Este aresto, inscrito numa linha de entendimento jurisprudencial prevalecente no Tribunal (cfr. por todos os acórdãos nºs 219/89 e 340/90, Diário da República, II série, de, respectivamente, 30 de Junho de
1989 e 19 de Março de 1991), ponderou que 'no plano garantístico, e no rigor dos princípios, tão importante é reconhecer-se ao arguido o direito de recorrer da solução que tenha sido encontrada para a questão de facto como da solução que haja sido dada à questão de direito'.
Assim sendo, entendeu-se ali ser forçoso concluir que, 'num sistema complexo como o que consta do Código de Processo Penal de 1929, em que a prova produzida perante o tribunal colectivo não é reduzida a escrito (por força do artigo 466º) e em que as respostas aos quesitos não são fundamentadas
(em virtude do disposto no artigo 469º), então o artigo 665º, entendido com o alcance do assento em causa, ou seja, o de que as relações só podem `alterar as decisões dos tribunais colectivos de 1ª instância em face de elementos do processo que não pudessem ser contrariados pela prova apreciada no julgamento e que haja determinado as respostas aos quesitos', não representa uma garantia suficiente para o arguido e consequentemente viola o disposto no nº 1 do artigo
32º da Constituição'.
E, depois de se acrescentar que 'só excepcionalmente e em casos contados constarão dos processos elementos susceptíveis de levar as relações a alterar a decisão do colectivo, e, por outro lado, a faculdade de anulação dessa decisão com base em vícios dos quesitos ou das respostas - ao abrigo do nº 2 do artigo 712º do Código de Processo Civil -, em bem pouco alargará, no domínio fáctico, o poder cognitivo das relações' logo se esclarecia que a declaração de inconstitucionalidade ali decretada não poderá ser entendida como 'significando que outra solução que não seja a repetição da prova em audiência pública perante as relações está em conflito com a Constituição. É que, entre o sistema em questão, que, na prática, e na grande maioria das situações, reduz a zero os poderes das relações nos recursos penais em matéria de facto, e o que ordenasse a repetição da prova em audiência pública perante o tribunal de recurso, outros há certamente - não competindo a este Tribunal indicá-los - que não porão em causa as garantias de defesa que o processo criminal deve assegurar, por força do citado preceito constitucional'.
Este entendimento jurisprudencial havia sido já pre--anunciado, de algum modo, em diversos estudos doutrinais publicados após o início da vigência da Constituição de 1976.

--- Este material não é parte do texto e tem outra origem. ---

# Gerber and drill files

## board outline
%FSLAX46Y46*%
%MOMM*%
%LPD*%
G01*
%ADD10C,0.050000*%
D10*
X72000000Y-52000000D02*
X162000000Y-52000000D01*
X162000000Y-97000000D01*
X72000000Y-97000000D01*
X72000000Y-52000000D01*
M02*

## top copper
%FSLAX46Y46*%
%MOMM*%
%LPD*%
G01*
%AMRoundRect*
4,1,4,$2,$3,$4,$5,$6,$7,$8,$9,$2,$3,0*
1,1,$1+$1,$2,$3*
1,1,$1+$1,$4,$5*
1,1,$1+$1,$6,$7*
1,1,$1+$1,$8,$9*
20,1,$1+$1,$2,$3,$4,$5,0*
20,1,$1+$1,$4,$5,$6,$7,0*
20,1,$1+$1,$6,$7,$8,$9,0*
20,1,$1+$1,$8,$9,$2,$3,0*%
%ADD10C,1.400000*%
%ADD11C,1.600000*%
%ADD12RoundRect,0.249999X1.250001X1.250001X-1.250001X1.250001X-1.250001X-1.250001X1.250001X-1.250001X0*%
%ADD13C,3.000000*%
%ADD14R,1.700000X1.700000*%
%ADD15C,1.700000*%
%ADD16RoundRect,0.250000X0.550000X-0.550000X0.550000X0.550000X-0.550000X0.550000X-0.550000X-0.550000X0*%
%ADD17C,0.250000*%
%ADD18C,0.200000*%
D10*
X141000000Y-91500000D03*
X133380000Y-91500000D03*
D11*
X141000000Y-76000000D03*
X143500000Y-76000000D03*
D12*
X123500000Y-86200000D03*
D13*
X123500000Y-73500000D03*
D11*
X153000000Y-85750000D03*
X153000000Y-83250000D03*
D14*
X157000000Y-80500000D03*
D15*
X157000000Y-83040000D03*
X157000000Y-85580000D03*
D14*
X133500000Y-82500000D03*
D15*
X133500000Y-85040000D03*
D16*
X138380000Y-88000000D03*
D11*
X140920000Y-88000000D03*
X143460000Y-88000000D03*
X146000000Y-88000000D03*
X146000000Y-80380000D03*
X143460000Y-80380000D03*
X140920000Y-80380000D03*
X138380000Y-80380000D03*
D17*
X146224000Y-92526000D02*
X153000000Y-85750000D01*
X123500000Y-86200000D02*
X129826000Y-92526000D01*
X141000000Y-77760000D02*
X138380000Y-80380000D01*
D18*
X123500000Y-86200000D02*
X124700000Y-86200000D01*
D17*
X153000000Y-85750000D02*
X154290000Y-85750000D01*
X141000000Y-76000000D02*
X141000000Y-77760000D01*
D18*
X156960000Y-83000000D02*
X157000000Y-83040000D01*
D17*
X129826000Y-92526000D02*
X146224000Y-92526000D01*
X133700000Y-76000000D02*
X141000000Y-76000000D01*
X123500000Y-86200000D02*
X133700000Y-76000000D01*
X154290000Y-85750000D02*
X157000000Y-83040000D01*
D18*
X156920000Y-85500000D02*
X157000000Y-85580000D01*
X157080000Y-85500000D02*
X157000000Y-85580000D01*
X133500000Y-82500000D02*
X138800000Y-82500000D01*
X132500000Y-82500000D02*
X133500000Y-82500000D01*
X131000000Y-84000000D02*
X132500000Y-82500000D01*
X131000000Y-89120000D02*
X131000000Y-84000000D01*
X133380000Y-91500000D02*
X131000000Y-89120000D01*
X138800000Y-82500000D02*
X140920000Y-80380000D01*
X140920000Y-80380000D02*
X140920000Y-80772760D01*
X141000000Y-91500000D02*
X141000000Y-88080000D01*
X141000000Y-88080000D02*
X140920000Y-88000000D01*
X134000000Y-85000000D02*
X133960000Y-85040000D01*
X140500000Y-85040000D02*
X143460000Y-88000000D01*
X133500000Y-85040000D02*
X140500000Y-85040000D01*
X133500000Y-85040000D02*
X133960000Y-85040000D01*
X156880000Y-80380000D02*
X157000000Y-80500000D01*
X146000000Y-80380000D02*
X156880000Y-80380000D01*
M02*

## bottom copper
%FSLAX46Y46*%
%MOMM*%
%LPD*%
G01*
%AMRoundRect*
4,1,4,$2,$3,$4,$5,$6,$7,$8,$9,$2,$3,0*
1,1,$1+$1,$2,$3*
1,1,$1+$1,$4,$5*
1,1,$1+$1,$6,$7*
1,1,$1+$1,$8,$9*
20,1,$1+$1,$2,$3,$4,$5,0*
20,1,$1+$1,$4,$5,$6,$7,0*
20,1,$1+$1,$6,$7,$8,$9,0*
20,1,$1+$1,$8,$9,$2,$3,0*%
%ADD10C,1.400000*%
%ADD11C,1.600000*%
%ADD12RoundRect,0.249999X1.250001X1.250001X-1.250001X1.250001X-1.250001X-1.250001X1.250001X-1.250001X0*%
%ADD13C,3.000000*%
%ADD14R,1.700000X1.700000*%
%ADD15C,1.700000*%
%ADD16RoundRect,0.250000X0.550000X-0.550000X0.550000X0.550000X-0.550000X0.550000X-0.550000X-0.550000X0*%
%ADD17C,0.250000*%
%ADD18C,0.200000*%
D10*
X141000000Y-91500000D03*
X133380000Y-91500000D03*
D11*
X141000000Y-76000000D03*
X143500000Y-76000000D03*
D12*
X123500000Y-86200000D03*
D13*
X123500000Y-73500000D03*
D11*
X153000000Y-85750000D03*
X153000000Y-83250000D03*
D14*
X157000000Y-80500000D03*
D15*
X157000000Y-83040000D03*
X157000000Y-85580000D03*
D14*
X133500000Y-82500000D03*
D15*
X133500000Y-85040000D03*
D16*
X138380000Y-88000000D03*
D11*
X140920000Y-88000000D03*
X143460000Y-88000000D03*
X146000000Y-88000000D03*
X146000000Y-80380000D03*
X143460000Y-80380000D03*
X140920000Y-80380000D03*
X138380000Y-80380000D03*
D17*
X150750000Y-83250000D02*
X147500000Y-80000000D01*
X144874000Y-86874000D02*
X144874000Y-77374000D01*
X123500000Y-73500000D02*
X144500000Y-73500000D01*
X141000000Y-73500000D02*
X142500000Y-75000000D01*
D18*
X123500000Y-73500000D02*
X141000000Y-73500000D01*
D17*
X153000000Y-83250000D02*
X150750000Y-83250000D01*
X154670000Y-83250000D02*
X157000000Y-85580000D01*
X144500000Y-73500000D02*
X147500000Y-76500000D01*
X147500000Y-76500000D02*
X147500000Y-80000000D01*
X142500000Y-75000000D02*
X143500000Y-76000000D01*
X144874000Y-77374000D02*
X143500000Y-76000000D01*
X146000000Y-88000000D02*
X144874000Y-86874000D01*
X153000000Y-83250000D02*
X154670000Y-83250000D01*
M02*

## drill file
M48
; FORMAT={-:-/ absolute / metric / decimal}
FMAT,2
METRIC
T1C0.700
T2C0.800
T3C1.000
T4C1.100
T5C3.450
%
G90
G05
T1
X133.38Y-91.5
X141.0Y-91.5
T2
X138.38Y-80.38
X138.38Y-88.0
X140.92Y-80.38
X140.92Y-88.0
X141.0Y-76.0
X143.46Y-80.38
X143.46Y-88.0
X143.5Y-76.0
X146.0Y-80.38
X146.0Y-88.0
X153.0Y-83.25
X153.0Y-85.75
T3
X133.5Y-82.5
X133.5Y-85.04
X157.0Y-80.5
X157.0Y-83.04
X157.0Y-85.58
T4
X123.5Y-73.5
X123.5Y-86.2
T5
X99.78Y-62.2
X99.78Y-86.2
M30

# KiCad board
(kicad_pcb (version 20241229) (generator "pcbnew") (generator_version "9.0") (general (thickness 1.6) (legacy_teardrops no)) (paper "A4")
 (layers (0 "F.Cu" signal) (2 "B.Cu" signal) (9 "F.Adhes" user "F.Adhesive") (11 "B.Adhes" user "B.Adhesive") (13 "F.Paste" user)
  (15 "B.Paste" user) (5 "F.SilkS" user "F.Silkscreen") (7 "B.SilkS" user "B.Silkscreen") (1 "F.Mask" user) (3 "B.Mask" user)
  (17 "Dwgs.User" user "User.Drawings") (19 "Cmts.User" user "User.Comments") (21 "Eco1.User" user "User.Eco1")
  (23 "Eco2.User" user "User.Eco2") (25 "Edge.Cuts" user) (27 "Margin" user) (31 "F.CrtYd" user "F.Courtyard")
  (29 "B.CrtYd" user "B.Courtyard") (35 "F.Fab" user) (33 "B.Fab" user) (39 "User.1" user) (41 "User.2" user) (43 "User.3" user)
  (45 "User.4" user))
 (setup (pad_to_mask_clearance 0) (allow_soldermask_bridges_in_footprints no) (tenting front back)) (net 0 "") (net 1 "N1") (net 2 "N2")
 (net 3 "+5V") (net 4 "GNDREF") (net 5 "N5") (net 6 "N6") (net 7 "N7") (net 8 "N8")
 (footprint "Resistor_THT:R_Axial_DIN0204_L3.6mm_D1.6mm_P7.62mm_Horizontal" (layer "F.Cu") (at 141 91.5 180)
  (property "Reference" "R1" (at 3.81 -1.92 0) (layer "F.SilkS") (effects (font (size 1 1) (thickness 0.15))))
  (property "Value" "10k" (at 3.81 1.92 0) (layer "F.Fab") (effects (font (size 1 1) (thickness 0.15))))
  (pad "1" thru_hole circle (at 0 0 180) (size 1.4 1.4) (drill 0.7) (layers "*.Cu" "*.Mask") (remove_unused_layers no) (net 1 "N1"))
  (pad "2" thru_hole circle (at 7.62 0 180) (size 1.4 1.4) (drill 0.7) (layers "*.Cu" "*.Mask") (remove_unused_layers no) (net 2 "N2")))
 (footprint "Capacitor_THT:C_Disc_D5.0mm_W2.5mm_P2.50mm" (layer "F.Cu") (at 141 76)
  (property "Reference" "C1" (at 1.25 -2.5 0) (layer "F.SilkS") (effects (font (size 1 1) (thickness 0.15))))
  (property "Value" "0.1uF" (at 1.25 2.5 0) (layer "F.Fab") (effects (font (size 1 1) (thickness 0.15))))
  (pad "1" thru_hole circle (at 0 0) (size 1.6 1.6) (drill 0.8) (layers "*.Cu" "*.Mask") (remove_unused_layers no) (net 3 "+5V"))
  (pad "2" thru_hole circle (at 2.5 0) (size 1.6 1.6) (drill 0.8) (layers "*.Cu" "*.Mask") (remove_unused_layers no) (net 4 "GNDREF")))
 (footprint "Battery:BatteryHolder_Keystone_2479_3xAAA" (layer "F.Cu") (at 123.5 86.2 180)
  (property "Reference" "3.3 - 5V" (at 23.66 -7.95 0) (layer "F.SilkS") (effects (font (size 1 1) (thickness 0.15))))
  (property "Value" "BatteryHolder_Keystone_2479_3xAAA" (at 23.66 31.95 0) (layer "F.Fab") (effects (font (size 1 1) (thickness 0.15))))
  (pad "" np_thru_hole circle (at 23.72 0 180) (size 3.45 3.45) (drill 3.45) (layers "*.Cu" "*.Mask"))
  (pad "" np_thru_hole circle (at 23.72 24 180) (size 3.45 3.45) (drill 3.45) (layers "*.Cu" "*.Mask"))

Assim, Figueiredo Dias, em conferência que proferiu em 1983, subordinada ao título 'Para uma reforma global do processo penal português - Da sua necessidade e de algumas orientações fundamentais', in, Para uma Nova Justiça Penal, 1983, p. 189, afirmou, nomeadamente:
'Por outro lado, o sistema português de recursos penais é notoriamente, de uma parte insuficiente - pois que não possui qualquer recurso de facto minimamente digno de um tal nome -, de outra, excessivo - por isso que submete a mesma questão de direito a dois graus de recurso. O que vale por dizer que cria um duplo grau de recurso da mesma questão de direito, enquanto de igual passo, relativamente à questão de facto, viola sem remissão o princípio (em que, aqui sim, se tem visto uma espécie de garantia legal dos cidadãos) do duplo grau da jurisdição de mérito! Digamos, pois, sem eufemismos: o nosso actual sistema de recursos de duplo grau, que começou por ser liberalmente cabido em princípio a toda e qualquer decisão judicial, mas onde as relações e o Supremo acabam por exercer a mesma função e dispôr praticamente das mesmas possibilidades de cognição, esse sistema é um logro e um rematado absurdo, que não serve os direitos das pessoas nem os interesses comunitários'.
E o mesmo Autor, na 'Lição magistral sobre processo penal' proferida em 18 de Maio de 1985, numa sessão de estudo sobre 'Reformas dos processos penal e civil' promovida pela Associação Sindical dos Magistrados Judiciais Portugueses (conforme o relato constante da revista Tribuna da Justiça, nº 6, Junho de 1985), pronunciou-se assim:
'Aquilo a que se chama recursos, vão-me permitir, é uma macaqueação de recurso, perfeitamente inconstitucional, não é recurso nenhum, não é a reapreciação da causa, é um travesti'.
Também Cunha Rodrigues, em exposição que fez sobre 'Recursos', nas Jornadas de Direito Processual Penal - O Novo Código de Processo Penal,
1988, p. 379, teve ocasião de afirmar:
'E nem vale a pena ignorar, sob pena de fariseísmo, o que hoje se passa entre nós. Não só o recurso do tribunal de júri é interposto directamente para o Supremo Tribunal de Justiça como do tribunal colectivo não há, em rigor, recurso da matéria de facto. O que existem são dois recursos de revista, mais alargada,
é certo relativamente ao Tribunal da Relação'.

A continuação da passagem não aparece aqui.